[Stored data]
=== Section Start ===
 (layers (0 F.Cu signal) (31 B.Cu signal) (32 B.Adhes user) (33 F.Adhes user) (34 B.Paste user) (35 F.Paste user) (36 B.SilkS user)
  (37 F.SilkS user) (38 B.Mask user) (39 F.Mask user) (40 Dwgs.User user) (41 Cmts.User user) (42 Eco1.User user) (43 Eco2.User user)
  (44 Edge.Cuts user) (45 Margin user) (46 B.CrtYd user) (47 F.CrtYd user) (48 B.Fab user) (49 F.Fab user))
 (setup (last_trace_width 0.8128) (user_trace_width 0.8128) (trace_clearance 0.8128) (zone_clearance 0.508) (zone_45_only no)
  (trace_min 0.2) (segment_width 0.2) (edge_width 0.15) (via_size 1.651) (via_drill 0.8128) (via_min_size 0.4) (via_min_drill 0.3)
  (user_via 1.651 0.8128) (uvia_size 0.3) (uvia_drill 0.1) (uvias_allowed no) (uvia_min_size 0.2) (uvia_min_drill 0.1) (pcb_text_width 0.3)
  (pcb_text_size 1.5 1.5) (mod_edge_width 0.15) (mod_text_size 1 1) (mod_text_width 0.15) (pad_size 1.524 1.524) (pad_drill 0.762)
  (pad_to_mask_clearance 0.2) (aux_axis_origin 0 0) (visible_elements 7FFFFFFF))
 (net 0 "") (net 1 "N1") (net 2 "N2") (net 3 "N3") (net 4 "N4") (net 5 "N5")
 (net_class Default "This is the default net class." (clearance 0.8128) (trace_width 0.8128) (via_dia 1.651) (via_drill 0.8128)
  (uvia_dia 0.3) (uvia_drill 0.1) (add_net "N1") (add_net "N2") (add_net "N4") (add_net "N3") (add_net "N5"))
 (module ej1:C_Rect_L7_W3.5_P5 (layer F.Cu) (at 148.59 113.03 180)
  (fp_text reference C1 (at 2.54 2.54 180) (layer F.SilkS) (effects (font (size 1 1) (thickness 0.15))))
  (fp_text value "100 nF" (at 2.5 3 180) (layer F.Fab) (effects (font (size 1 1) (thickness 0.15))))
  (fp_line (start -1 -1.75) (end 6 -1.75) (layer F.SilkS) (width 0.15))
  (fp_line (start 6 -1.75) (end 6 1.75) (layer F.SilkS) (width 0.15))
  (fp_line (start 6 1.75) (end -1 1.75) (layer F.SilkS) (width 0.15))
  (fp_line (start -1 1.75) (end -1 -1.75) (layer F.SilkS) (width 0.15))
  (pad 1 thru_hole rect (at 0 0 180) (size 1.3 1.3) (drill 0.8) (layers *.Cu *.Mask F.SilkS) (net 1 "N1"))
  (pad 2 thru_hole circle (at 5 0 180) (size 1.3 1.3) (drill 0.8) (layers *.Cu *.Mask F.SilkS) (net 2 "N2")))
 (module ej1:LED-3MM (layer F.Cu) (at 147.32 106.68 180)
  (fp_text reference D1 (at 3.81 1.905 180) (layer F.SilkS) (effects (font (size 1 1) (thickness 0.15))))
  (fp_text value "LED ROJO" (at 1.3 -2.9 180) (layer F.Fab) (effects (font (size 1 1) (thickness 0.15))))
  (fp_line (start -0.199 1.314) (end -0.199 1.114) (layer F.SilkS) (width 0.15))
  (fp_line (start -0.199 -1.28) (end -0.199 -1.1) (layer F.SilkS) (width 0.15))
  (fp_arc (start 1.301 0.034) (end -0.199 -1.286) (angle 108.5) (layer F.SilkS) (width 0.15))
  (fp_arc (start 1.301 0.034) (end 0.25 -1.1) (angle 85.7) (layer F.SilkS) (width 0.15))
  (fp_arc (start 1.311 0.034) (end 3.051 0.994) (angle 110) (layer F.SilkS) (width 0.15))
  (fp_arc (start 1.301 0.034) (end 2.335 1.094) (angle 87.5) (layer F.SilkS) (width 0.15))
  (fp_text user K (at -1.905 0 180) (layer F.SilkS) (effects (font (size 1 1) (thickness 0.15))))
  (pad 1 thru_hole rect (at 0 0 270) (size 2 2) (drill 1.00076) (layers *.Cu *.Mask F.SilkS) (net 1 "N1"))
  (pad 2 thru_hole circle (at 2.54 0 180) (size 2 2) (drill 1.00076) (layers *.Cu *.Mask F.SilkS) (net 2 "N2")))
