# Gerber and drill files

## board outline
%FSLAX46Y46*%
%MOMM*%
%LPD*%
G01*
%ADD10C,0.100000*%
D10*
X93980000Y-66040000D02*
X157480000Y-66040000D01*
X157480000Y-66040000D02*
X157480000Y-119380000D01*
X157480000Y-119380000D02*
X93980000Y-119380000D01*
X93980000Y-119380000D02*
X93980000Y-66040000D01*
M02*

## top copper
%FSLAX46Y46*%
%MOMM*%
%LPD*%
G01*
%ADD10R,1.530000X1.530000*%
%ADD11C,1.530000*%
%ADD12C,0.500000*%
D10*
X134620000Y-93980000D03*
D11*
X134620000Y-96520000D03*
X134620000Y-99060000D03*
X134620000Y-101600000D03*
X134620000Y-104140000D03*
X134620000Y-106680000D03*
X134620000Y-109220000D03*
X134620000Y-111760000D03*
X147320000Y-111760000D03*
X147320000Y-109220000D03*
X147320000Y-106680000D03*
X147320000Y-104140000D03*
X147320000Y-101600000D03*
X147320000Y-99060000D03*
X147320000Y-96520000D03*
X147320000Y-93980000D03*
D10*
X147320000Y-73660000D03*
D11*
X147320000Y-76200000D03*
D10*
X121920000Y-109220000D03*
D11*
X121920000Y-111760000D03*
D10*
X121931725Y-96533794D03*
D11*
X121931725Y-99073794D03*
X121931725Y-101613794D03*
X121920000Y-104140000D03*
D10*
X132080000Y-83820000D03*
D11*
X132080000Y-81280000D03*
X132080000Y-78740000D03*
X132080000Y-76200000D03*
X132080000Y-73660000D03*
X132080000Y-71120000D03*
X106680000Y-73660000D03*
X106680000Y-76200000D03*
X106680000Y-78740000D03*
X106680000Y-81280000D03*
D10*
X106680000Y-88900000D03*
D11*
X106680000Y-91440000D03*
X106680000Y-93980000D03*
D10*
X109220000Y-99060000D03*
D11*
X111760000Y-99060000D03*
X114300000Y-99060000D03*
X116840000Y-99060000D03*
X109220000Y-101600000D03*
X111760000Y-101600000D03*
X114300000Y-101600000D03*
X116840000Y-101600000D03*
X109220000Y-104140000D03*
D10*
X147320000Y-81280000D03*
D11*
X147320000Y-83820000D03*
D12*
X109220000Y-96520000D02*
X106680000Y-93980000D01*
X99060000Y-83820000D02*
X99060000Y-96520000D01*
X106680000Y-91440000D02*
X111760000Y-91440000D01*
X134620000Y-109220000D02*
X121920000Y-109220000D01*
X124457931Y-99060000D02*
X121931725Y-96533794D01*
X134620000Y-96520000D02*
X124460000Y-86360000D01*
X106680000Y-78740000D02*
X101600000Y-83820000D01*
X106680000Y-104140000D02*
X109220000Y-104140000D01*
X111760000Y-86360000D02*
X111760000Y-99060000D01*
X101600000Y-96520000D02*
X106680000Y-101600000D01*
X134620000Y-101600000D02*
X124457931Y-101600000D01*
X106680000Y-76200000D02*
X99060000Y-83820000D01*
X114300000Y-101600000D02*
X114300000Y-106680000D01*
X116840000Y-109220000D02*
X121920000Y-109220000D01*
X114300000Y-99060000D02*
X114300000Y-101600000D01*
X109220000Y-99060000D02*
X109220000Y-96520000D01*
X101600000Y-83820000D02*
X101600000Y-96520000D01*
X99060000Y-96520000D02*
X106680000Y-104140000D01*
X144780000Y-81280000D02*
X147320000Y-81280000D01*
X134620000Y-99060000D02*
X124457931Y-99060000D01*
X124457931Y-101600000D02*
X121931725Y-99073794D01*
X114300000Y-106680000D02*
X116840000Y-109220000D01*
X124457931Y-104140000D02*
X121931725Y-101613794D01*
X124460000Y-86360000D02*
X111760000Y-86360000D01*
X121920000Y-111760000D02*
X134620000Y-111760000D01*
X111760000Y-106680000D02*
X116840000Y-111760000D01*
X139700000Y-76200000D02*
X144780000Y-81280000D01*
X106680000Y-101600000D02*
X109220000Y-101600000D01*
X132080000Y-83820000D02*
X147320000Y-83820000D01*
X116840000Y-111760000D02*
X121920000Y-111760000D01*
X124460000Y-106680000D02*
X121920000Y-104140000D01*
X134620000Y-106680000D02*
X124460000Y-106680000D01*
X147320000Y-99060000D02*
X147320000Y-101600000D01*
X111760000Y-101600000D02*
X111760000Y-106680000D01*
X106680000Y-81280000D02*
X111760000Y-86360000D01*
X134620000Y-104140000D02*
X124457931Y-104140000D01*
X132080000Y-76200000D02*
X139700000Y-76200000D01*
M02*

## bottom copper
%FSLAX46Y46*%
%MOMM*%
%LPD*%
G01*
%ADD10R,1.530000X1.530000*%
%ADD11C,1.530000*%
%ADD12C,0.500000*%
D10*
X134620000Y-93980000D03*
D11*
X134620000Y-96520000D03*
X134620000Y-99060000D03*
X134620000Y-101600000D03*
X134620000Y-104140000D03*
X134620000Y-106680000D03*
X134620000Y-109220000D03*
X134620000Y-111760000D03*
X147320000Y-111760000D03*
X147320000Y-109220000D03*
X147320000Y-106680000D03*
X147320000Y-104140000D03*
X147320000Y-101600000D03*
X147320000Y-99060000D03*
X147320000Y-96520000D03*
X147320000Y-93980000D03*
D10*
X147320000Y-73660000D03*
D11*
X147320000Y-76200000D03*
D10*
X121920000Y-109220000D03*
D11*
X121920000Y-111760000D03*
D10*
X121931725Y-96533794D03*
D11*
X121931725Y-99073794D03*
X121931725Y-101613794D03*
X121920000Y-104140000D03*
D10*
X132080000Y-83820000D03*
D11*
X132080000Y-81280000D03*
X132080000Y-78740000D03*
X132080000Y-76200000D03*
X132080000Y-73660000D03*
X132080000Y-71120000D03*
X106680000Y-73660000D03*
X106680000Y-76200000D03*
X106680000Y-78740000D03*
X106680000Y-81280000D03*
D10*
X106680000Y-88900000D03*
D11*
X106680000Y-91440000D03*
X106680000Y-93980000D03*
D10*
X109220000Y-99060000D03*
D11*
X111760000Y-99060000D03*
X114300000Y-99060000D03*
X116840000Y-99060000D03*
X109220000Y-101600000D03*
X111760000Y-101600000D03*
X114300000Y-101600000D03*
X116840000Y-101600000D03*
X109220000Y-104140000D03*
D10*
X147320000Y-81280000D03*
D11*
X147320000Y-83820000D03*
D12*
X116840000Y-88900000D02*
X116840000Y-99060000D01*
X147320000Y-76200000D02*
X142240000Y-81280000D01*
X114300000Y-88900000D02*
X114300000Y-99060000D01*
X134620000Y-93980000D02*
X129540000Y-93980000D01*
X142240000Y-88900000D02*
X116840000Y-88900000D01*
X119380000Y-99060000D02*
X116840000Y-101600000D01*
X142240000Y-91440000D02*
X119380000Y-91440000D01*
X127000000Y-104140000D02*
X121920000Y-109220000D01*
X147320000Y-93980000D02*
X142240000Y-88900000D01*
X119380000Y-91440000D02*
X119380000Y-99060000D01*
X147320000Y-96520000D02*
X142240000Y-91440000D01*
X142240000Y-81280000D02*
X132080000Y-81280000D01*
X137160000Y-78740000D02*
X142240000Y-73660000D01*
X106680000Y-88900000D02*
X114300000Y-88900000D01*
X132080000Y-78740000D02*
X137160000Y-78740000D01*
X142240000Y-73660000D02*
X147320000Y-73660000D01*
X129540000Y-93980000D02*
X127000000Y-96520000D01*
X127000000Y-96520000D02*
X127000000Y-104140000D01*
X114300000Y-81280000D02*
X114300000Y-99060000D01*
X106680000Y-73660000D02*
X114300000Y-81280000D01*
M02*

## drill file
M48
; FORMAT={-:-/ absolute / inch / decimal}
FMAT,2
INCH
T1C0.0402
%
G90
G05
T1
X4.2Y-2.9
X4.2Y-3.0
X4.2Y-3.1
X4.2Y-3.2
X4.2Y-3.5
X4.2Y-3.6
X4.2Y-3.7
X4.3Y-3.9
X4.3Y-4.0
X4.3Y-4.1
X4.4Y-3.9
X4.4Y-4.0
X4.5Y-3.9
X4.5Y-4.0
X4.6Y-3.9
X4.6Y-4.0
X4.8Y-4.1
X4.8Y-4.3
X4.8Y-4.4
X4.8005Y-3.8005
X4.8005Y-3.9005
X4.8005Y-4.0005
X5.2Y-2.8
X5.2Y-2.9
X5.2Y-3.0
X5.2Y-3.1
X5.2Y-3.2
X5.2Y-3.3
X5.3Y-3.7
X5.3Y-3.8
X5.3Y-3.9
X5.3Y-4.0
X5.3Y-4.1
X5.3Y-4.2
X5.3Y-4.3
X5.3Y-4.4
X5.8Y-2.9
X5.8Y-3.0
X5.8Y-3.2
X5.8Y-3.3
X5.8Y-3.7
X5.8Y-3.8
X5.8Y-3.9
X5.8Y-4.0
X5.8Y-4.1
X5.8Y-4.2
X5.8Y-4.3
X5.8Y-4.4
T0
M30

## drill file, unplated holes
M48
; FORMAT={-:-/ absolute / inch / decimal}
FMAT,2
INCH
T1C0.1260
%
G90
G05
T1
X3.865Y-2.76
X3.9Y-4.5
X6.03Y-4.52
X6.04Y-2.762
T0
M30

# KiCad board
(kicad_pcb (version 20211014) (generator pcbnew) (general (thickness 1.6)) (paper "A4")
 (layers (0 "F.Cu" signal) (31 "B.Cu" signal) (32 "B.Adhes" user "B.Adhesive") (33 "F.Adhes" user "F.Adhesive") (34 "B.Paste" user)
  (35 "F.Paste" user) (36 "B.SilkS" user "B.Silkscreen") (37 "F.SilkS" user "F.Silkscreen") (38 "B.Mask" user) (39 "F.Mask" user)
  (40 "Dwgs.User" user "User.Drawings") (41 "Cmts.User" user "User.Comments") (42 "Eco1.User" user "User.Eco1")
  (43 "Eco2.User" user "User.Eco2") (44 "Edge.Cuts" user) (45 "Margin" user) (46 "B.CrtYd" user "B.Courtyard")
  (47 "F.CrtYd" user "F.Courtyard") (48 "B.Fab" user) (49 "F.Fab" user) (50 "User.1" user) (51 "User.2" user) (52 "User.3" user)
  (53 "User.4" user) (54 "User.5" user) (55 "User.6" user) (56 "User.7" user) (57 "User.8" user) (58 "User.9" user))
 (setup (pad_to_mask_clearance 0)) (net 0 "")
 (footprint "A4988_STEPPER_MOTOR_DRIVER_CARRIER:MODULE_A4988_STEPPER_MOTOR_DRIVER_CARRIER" (layer "F.Cu") (at 140.97 102.87)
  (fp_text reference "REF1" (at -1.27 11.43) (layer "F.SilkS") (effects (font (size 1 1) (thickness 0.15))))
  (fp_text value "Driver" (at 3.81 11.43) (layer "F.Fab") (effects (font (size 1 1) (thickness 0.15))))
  (pad "1" thru_hole rect (at -6.35 -8.89) (size 1.53 1.53) (drill 1.02) (layers *.Cu *.Mask))
  (pad "2" thru_hole circle (at -6.35 -6.35) (size 1.53 1.53) (drill 1.02) (layers *.Cu *.Mask))
  (pad "3" thru_hole circle (at -6.35 -3.81) (size 1.53 1.53) (drill 1.02) (layers *.Cu *.Mask))
  (pad "4" thru_hole circle (at -6.35 -1.27) (size 1.53 1.53) (drill 1.02) (layers *.Cu *.Mask))
  (pad "5" thru_hole circle (at -6.35 1.27) (size 1.53 1.53) (drill 1.02) (layers *.Cu *.Mask))
  (pad "6" thru_hole circle (at -6.35 3.81) (size 1.53 1.53) (drill 1.02) (layers *.Cu *.Mask))
  (pad "7" thru_hole circle (at -6.35 6.35) (size 1.53 1.53) (drill 1.02) (layers *.Cu *.Mask))
  (pad "8" thru_hole circle (at -6.35 8.89) (size 1.53 1.53) (drill 1.02) (layers *.Cu *.Mask))
  (pad "9" thru_hole circle (at 6.35 8.89) (size 1.53 1.53) (drill 1.02) (layers *.Cu *.Mask))
  (pad "10" thru_hole circle (at 6.35 6.35) (size 1.53 1.53) (drill 1.02) (layers *.Cu *.Mask))
  (pad "11" thru_hole circle (at 6.35 3.81) (size 1.53 1.53) (drill 1.02) (layers *.Cu *.Mask))
  (pad "12" thru_hole circle (at 6.35 1.27) (size 1.53 1.53) (drill 1.02) (layers *.Cu *.Mask))
  (pad "13" thru_hole circle (at 6.35 -1.27) (size 1.53 1.53) (drill 1.02) (layers *.Cu *.Mask))
  (pad "14" thru_hole circle (at 6.35 -3.81) (size 1.53 1.53) (drill 1.02) (layers *.Cu *.Mask))
  (pad "15" thru_hole circle (at 6.35 -6.35) (size 1.53 1.53) (drill 1.02) (layers *.Cu *.Mask))
  (pad "16" thru_hole circle (at 6.35 -8.89) (size 1.53 1.53) (drill 1.02) (layers *.Cu *.Mask)))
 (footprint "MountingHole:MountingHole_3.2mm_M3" (layer "F.Cu") (at 153.416 70.1548)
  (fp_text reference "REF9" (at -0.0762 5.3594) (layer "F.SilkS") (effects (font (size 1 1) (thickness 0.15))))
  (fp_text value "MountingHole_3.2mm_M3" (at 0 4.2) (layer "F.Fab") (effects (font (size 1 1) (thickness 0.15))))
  (pad "" np_thru_hole circle (at 0 0) (size 3.2 3.2) (drill 3.2) (layers *.Cu *.Mask)))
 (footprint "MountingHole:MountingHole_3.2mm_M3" (layer "F.Cu") (at 153.162 114.808)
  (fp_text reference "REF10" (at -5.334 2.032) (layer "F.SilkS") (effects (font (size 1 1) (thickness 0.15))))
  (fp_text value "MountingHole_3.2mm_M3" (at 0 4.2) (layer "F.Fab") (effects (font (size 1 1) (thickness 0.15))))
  (pad "" np_thru_hole circle (at 0 0) (size 3.2 3.2) (drill 3.2) (layers *.Cu *.Mask)))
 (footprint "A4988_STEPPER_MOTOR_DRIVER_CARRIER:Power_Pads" (layer "F.Cu") (at 147.32 76.2)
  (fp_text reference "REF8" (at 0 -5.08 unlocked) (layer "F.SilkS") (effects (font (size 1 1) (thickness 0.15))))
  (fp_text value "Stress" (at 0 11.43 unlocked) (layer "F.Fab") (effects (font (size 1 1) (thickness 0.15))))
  (pad "1" thru_hole rect (at 0 -2.54) (size 1.53 1.53) (drill 1.02) (layers *.Cu *.Mask))
  (pad "2" thru_hole circle (at 0 0) (size 1.53 1.53) (drill 1.02) (layers *.Cu *.Mask)))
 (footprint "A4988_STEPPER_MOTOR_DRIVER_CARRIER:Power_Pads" (layer "F.Cu") (at 121.92 111.76)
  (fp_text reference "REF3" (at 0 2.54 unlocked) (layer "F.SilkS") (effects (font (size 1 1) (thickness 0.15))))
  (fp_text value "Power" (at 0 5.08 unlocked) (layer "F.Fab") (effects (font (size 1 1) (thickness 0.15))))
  (pad "1" thru_hole rect (at 0 -2.54) (size 1.53 1.53) (drill 1.02) (layers *.Cu *.Mask))
  (pad "2" thru_hole circle (at 0 0) (size 1.53 1.53) (drill 1.02) (layers *.Cu *.Mask)))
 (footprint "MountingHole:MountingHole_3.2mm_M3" (layer "F.Cu") (at 99.06 114.3)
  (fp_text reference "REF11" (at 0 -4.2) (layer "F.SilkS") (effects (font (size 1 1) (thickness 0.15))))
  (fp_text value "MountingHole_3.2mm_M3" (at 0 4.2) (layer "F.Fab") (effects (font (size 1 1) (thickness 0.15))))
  (pad "" np_thru_hole circle (at 0 0) (size 3.2 3.2) (drill 3.2) (layers *.Cu *.Mask)))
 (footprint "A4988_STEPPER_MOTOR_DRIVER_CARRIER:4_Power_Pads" (layer "F.Cu") (at 114.311725 91.453794)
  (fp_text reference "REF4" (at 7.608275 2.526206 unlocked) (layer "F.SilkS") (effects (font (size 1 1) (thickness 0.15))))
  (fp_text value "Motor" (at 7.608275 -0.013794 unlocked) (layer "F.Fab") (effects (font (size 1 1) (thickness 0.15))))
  (pad "1" thru_hole rect (at 7.62 5.08) (size 1.53 1.53) (drill 1.02) (layers *.Cu *.Mask))
  (pad "2" thru_hole circle (at 7.62 7.62) (size 1.53 1.53) (drill 1.02) (layers *.Cu *.Mask))
  (pad "3" thru_hole circle (at 7.62 10.16) (size 1.53 1.53) (drill 1.02) (layers *.Cu *.Mask))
=== Section End ===
=== Task goal ===
Every line from the one containing "(at 7.608275 2.526206" to the close of the records must be reproduced exactly. Include both ends and nothing more.

=== Answer to the problem ===
  (fp_text reference "REF4" (at 7.608275 2.526206 unlocked) (layer "F.SilkS") (effects (font (size 1 1) (thickness 0.15))))
  (fp_text value "Motor" (at 7.608275 -0.013794 unlocked) (layer "F.Fab") (effects (font (size 1 1) (thickness 0.15))))
  (pad "1" thru_hole rect (at 7.62 5.08) (size 1.53 1.53) (drill 1.02) (layers *.Cu *.Mask))
  (pad "2" thru_hole circle (at 7.62 7.62) (size 1.53 1.53) (drill 1.02) (layers *.Cu *.Mask))
  (pad "3" thru_hole circle (at 7.62 10.16) (size 1.53 1.53) (drill 1.02) (layers *.Cu *.Mask))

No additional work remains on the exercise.